[Source records]
*** Block opens ***
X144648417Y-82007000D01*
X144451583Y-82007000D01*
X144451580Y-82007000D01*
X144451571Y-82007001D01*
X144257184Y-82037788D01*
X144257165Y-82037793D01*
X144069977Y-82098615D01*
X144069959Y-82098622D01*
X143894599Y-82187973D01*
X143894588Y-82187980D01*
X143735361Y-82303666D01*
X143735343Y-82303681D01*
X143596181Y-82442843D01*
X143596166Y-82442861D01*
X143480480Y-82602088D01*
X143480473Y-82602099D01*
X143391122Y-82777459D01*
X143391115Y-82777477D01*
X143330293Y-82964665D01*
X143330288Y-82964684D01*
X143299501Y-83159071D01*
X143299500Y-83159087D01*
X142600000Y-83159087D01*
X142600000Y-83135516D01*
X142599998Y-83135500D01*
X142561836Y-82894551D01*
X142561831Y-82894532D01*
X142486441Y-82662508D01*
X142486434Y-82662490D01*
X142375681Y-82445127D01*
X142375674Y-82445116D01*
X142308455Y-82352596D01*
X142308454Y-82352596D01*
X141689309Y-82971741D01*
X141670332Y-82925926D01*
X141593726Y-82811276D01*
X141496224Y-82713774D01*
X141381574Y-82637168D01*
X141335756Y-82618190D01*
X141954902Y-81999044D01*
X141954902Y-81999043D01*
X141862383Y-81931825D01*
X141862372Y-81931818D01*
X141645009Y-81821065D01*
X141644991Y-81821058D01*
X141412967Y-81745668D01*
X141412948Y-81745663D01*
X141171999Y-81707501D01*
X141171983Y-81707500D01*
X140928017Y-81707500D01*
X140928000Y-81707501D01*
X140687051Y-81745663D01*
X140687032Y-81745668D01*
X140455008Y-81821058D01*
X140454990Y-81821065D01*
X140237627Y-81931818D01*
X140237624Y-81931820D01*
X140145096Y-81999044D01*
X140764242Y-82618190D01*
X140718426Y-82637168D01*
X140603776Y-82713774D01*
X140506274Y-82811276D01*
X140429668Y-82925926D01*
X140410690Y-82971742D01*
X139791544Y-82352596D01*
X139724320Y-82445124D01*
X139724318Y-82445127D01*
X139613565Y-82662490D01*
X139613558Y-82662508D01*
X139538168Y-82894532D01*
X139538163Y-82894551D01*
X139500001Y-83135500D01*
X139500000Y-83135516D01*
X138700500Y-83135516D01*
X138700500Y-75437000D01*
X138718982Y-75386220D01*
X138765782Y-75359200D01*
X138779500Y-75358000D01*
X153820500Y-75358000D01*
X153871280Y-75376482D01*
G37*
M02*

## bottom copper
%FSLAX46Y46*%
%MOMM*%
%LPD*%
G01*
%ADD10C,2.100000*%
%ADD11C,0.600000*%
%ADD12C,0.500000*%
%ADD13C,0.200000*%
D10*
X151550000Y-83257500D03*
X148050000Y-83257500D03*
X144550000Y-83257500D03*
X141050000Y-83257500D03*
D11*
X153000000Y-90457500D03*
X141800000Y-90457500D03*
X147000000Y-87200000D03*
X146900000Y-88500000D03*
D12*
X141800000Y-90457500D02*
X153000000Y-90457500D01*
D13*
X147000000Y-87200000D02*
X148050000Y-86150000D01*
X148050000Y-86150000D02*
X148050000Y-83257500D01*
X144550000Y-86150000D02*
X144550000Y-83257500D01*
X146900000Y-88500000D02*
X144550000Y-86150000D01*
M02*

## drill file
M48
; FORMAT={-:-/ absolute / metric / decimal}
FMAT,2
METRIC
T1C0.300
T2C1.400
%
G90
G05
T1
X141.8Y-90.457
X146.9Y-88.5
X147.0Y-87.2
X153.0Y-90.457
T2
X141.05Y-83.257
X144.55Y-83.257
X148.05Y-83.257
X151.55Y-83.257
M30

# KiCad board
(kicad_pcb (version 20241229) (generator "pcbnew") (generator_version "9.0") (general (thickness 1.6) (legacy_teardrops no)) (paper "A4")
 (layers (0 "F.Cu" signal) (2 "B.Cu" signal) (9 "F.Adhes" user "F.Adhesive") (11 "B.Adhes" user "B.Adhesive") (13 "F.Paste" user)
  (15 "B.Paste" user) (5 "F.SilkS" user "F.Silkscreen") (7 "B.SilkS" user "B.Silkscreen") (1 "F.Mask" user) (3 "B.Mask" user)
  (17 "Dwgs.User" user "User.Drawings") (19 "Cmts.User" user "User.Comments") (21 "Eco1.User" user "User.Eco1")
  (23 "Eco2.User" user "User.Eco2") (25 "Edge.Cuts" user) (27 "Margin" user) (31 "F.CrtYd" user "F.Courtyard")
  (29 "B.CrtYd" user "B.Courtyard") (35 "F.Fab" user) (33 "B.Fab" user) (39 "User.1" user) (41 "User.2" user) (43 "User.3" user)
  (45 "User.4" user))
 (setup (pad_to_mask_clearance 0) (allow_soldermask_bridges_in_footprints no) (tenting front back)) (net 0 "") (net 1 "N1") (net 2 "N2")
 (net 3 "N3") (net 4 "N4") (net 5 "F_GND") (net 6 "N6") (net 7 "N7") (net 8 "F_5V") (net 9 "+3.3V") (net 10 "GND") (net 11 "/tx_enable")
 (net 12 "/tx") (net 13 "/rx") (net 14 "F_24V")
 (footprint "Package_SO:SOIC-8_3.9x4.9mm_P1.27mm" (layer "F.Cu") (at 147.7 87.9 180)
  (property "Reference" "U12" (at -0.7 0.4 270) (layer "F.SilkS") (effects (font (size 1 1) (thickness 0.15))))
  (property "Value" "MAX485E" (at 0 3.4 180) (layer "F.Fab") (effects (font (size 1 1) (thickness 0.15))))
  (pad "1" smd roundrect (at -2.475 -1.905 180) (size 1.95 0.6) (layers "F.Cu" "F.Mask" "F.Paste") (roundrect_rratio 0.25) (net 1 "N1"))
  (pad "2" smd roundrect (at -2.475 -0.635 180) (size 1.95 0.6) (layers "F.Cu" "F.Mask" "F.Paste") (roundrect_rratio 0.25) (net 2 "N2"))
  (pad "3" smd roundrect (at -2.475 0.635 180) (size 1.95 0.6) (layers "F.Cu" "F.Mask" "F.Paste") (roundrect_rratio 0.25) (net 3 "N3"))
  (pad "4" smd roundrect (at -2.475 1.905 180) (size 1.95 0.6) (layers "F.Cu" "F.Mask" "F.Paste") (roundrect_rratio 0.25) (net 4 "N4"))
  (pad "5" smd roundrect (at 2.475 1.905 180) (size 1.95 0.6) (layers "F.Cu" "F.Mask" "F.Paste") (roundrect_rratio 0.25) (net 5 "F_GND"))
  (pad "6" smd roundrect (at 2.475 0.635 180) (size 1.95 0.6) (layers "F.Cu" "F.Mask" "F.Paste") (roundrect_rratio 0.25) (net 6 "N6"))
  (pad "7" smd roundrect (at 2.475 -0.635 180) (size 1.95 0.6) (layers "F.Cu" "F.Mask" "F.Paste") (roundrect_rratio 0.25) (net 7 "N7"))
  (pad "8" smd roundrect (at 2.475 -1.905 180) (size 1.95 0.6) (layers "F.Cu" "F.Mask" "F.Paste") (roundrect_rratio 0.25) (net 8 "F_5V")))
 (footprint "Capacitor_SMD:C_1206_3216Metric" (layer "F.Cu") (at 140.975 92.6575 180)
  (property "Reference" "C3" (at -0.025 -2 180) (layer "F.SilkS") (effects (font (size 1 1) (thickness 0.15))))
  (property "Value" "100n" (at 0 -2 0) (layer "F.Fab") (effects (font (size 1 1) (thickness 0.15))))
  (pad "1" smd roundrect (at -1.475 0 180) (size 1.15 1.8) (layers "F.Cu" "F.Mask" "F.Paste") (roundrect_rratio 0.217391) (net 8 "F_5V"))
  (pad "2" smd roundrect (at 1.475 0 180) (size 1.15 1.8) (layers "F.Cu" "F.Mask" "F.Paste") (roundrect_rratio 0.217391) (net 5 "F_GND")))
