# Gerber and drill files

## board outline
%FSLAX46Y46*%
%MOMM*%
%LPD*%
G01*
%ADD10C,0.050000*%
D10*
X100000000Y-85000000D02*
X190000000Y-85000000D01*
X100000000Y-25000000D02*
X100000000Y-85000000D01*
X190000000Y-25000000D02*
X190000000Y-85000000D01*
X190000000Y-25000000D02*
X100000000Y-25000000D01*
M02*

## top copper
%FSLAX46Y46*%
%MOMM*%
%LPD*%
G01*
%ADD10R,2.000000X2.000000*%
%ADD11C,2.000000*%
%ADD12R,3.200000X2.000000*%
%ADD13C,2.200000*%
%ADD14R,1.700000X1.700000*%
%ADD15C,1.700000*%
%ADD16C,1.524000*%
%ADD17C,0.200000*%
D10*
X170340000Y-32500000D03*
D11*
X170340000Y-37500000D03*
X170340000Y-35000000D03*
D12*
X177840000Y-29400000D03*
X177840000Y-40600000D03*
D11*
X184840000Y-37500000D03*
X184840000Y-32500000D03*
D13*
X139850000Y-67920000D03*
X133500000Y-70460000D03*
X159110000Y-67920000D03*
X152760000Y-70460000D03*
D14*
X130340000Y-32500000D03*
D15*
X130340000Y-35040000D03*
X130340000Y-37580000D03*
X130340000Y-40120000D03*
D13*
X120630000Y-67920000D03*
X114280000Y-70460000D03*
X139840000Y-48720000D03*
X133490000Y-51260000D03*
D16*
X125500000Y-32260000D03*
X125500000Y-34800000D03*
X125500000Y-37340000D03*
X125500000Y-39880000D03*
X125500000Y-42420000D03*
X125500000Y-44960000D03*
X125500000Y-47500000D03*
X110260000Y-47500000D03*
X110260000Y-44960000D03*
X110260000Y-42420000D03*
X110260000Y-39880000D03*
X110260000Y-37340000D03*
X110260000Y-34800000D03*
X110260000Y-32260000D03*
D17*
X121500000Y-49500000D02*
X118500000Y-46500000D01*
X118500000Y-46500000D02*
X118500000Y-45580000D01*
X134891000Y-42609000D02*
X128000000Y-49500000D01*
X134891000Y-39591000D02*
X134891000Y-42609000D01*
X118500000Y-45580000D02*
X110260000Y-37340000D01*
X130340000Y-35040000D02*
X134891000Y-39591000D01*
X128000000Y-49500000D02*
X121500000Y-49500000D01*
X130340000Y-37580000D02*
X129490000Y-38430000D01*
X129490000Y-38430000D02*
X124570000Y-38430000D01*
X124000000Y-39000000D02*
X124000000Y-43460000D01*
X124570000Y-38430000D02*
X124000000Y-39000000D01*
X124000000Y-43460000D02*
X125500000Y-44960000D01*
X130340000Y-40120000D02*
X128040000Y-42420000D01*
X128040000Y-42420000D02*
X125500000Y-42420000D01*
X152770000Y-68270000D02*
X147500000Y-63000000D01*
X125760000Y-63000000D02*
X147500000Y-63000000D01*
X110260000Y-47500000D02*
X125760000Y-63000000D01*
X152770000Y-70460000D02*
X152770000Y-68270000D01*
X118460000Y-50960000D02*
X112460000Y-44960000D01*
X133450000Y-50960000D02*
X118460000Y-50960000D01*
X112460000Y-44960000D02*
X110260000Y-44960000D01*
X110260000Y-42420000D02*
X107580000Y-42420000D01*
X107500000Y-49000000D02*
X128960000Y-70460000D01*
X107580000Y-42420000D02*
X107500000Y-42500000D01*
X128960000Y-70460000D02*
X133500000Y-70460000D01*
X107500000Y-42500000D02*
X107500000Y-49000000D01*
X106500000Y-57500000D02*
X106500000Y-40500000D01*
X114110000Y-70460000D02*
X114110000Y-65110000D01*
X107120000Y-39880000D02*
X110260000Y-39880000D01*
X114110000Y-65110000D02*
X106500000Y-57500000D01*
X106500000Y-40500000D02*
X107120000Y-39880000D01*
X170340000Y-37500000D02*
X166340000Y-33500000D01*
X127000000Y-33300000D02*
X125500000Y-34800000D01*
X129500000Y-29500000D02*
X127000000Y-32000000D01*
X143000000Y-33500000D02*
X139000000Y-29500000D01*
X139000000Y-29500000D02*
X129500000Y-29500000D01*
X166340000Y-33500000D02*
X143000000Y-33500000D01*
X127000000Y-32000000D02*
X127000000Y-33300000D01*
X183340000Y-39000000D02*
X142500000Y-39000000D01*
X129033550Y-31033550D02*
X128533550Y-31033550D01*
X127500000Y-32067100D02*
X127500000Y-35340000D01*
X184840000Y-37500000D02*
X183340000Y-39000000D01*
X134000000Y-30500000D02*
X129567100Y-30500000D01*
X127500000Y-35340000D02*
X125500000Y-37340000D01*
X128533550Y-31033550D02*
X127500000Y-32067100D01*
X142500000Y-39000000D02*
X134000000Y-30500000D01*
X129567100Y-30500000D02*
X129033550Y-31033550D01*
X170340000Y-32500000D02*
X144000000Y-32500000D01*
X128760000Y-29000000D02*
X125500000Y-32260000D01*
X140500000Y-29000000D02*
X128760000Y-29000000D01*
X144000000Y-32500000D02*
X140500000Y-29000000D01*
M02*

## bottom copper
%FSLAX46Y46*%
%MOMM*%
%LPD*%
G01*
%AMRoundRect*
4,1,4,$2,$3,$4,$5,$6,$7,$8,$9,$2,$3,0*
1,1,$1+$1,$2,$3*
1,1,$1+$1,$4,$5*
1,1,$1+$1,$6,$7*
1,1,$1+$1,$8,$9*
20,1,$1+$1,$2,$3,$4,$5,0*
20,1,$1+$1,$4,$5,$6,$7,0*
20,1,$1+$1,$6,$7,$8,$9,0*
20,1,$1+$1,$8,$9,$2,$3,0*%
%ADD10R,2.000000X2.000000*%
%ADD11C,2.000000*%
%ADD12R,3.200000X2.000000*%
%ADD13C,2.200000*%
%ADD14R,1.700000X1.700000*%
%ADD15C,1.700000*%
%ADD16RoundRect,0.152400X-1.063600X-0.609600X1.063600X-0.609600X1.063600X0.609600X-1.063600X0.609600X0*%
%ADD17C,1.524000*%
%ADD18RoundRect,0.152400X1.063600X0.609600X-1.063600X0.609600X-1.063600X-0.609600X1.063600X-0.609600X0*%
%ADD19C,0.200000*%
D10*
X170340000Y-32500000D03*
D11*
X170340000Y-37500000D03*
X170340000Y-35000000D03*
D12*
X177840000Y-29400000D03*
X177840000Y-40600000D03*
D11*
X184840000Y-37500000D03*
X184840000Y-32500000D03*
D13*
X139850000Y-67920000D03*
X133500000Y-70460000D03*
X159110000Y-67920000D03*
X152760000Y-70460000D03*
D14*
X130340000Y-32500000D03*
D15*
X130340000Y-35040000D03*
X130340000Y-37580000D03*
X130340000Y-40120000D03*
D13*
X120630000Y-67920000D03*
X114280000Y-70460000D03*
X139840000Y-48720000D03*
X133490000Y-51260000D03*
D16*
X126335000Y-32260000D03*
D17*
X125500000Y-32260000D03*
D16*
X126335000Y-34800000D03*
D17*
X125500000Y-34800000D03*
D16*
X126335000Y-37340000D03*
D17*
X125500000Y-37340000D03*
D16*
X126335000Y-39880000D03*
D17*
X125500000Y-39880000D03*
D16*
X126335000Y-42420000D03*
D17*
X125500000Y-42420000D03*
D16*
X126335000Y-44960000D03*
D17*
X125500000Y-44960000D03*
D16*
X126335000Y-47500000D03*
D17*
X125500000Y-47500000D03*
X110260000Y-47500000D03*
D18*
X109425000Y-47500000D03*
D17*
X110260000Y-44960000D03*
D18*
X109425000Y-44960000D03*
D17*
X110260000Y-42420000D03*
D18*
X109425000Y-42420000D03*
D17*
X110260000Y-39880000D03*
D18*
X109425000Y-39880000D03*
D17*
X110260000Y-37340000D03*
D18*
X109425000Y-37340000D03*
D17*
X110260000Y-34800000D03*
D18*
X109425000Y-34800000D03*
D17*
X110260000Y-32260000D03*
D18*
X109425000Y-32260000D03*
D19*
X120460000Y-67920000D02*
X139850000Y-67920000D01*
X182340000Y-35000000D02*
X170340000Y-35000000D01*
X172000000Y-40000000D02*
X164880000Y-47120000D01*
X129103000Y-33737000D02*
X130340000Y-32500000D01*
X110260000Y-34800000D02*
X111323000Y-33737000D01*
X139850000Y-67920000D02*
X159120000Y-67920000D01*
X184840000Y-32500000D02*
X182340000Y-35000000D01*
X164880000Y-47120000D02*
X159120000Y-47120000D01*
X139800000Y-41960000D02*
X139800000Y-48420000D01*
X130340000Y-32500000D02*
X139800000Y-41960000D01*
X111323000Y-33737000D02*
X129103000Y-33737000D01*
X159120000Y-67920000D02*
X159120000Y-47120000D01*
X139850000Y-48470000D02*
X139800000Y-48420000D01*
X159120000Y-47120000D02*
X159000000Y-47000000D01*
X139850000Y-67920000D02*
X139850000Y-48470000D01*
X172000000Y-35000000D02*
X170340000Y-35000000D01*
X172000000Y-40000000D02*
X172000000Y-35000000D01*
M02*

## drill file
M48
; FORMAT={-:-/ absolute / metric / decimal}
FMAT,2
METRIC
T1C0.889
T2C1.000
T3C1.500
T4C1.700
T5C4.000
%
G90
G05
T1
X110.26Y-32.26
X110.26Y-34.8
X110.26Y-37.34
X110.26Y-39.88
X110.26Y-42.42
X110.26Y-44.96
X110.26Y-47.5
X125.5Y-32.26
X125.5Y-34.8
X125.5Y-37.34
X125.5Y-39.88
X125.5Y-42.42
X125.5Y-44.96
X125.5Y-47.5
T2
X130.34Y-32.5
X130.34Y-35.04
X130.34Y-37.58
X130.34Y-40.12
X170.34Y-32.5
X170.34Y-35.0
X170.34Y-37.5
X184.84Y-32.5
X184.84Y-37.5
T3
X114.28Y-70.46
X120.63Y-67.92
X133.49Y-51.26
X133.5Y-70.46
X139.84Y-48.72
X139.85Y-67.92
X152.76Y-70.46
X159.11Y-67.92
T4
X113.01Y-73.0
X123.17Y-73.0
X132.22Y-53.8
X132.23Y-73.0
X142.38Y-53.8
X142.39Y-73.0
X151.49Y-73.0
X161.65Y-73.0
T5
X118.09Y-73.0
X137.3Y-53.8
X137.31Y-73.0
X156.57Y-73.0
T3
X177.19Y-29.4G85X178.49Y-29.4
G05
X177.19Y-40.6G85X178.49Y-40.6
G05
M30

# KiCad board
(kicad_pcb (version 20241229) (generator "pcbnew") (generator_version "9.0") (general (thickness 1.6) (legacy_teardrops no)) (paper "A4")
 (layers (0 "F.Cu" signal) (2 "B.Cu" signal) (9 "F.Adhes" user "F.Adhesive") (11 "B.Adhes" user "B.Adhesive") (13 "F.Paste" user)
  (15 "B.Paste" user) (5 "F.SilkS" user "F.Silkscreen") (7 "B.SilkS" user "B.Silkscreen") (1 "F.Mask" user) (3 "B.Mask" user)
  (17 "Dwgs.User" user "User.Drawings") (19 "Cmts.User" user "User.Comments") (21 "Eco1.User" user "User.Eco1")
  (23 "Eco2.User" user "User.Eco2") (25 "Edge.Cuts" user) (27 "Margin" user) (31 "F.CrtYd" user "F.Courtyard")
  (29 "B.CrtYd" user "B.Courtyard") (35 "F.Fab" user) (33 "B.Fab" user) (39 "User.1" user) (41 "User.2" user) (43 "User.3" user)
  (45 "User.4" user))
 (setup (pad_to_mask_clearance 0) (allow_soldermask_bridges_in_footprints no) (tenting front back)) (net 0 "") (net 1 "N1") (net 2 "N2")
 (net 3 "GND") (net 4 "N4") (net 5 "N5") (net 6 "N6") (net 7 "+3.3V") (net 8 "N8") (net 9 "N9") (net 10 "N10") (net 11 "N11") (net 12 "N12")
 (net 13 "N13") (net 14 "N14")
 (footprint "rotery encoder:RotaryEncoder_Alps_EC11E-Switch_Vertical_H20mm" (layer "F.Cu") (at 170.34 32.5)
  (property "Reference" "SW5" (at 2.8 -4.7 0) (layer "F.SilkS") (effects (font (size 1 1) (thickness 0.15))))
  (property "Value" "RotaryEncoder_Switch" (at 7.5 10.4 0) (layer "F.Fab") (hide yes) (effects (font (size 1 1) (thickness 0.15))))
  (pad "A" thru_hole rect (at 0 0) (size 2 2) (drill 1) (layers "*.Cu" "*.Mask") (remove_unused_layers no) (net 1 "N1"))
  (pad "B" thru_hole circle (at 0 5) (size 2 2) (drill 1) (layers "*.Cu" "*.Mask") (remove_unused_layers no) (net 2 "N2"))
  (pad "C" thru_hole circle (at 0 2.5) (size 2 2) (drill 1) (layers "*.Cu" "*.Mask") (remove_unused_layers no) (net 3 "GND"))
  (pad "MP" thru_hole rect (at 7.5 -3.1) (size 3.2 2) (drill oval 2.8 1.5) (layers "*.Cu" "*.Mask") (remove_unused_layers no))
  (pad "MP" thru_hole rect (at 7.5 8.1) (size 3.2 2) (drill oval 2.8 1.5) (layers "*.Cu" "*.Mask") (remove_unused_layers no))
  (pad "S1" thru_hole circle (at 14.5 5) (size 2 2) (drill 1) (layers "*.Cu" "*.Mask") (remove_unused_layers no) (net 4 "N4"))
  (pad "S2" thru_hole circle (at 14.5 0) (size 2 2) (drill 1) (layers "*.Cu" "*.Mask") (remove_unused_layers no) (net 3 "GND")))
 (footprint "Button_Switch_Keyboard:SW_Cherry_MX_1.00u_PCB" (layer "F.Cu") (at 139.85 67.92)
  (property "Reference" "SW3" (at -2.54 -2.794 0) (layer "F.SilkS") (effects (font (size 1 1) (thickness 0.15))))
*** Block closes ***
__Problem description__
Out of the entries above, write out only the lines between the line holding "X114110000Y-65110000D02*" and the line holding "X127500000Y-35340000D01*", inclusive, each exactly as given.

__Task response__
X114110000Y-65110000D02*
X106500000Y-57500000D01*
X106500000Y-40500000D02*
X107120000Y-39880000D01*
X170340000Y-37500000D02*
X166340000Y-33500000D01*
X127000000Y-33300000D02*
X125500000Y-34800000D01*
X129500000Y-29500000D02*
X127000000Y-32000000D01*
X143000000Y-33500000D02*
X139000000Y-29500000D01*
X139000000Y-29500000D02*
X129500000Y-29500000D01*
X166340000Y-33500000D02*
X143000000Y-33500000D01*
X127000000Y-32000000D02*
X127000000Y-33300000D01*
X183340000Y-39000000D02*
X142500000Y-39000000D01*
X129033550Y-31033550D02*
X128533550Y-31033550D01*
X127500000Y-32067100D02*
X127500000Y-35340000D01*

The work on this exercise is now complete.